Task description:
Beneath this line is the data. Output exactly the lines from the line with "X126952000Y-97533126D01*" to the line with "X115674063Y-86474466D01*", both ends included, and nothing more.

Dataset entries:
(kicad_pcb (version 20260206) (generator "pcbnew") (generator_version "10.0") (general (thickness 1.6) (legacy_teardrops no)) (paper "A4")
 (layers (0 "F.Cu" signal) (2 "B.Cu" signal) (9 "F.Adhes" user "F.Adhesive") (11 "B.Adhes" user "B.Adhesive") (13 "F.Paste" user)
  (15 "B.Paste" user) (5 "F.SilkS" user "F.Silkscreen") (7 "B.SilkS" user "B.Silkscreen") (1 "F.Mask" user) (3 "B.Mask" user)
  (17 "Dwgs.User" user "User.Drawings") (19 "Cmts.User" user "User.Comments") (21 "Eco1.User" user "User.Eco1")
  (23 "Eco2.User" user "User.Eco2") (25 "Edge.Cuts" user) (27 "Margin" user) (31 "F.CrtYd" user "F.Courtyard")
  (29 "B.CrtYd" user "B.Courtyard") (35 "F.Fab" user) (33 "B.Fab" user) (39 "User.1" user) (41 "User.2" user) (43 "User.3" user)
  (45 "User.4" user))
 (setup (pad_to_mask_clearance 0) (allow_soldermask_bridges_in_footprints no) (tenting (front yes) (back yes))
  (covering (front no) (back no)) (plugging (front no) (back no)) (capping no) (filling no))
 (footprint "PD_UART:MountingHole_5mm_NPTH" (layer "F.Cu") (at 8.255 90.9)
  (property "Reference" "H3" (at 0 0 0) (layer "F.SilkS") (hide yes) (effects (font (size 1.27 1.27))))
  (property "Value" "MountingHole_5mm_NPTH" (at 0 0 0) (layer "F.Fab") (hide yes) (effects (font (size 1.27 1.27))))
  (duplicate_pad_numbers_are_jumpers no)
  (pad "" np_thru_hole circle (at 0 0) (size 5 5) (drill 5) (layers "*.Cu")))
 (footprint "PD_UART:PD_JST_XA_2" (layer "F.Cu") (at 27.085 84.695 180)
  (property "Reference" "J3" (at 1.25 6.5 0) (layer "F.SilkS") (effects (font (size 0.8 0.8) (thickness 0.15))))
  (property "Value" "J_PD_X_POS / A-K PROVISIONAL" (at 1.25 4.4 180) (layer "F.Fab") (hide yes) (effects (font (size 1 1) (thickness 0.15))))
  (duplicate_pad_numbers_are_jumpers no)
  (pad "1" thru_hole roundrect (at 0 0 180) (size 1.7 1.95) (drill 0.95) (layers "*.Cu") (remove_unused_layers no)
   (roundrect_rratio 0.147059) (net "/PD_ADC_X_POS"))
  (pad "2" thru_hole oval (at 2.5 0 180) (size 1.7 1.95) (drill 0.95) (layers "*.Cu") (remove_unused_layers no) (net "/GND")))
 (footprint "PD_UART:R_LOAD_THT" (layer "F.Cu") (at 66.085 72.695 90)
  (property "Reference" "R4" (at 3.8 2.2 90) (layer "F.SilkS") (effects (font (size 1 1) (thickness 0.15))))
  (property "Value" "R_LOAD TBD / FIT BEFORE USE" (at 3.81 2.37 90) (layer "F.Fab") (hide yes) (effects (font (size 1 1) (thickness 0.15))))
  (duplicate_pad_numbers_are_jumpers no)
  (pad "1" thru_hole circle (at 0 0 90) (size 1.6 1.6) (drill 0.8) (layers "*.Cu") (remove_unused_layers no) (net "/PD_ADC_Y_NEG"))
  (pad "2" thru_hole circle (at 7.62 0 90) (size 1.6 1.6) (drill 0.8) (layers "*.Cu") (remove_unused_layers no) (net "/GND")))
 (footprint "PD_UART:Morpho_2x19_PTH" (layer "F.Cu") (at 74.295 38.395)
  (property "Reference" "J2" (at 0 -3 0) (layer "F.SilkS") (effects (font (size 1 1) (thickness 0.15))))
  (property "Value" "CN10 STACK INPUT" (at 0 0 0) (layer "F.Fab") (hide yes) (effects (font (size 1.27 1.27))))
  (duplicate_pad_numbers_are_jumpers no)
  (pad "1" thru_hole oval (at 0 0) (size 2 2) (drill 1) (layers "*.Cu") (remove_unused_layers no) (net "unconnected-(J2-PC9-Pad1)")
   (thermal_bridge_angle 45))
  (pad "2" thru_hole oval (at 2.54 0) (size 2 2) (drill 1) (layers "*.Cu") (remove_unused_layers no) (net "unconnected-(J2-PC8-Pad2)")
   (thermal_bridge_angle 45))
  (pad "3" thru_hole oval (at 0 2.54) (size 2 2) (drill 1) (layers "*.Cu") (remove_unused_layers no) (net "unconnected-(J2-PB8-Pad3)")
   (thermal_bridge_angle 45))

--

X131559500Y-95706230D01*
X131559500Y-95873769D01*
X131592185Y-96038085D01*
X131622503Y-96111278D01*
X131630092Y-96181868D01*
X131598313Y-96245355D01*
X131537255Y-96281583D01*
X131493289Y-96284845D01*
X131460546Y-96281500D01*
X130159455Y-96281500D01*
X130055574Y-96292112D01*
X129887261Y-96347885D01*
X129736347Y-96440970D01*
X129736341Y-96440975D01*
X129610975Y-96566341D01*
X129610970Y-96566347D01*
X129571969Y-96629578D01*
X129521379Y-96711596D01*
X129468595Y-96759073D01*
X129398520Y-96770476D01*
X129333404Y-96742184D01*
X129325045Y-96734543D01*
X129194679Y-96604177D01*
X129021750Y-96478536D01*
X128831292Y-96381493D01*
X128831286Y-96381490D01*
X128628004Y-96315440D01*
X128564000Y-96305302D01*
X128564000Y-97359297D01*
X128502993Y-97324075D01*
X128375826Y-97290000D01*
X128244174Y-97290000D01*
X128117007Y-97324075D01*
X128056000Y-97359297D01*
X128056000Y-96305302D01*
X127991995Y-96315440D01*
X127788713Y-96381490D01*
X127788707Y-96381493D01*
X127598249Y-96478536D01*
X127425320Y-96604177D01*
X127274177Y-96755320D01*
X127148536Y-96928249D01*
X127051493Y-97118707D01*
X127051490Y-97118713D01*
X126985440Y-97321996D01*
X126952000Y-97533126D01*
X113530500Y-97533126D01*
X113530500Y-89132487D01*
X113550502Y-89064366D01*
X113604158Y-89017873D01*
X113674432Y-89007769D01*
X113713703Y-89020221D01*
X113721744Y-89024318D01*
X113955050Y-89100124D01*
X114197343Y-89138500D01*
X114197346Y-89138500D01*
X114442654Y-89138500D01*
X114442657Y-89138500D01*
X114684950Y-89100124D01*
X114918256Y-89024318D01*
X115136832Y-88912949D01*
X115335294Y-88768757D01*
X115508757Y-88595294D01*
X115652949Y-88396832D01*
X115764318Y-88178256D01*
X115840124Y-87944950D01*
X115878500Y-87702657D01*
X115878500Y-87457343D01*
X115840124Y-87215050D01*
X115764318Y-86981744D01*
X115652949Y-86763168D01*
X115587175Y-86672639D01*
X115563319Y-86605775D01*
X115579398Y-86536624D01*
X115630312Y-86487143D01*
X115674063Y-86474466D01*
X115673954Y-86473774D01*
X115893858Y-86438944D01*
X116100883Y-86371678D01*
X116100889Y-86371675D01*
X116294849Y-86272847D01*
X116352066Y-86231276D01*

Problem solution:
X126952000Y-97533126D01*
X113530500Y-97533126D01*
X113530500Y-89132487D01*
X113550502Y-89064366D01*
X113604158Y-89017873D01*
X113674432Y-89007769D01*
X113713703Y-89020221D01*
X113721744Y-89024318D01*
X113955050Y-89100124D01*
X114197343Y-89138500D01*
X114197346Y-89138500D01*
X114442654Y-89138500D01*
X114442657Y-89138500D01*
X114684950Y-89100124D01*
X114918256Y-89024318D01*
X115136832Y-88912949D01*
X115335294Y-88768757D01*
X115508757Y-88595294D01*
X115652949Y-88396832D01*
X115764318Y-88178256D01*
X115840124Y-87944950D01*
X115878500Y-87702657D01*
X115878500Y-87457343D01*
X115840124Y-87215050D01*
X115764318Y-86981744D01*
X115652949Y-86763168D01*
X115587175Y-86672639D01*
X115563319Y-86605775D01*
X115579398Y-86536624D01*
X115630312Y-86487143D01*
X115674063Y-86474466D01*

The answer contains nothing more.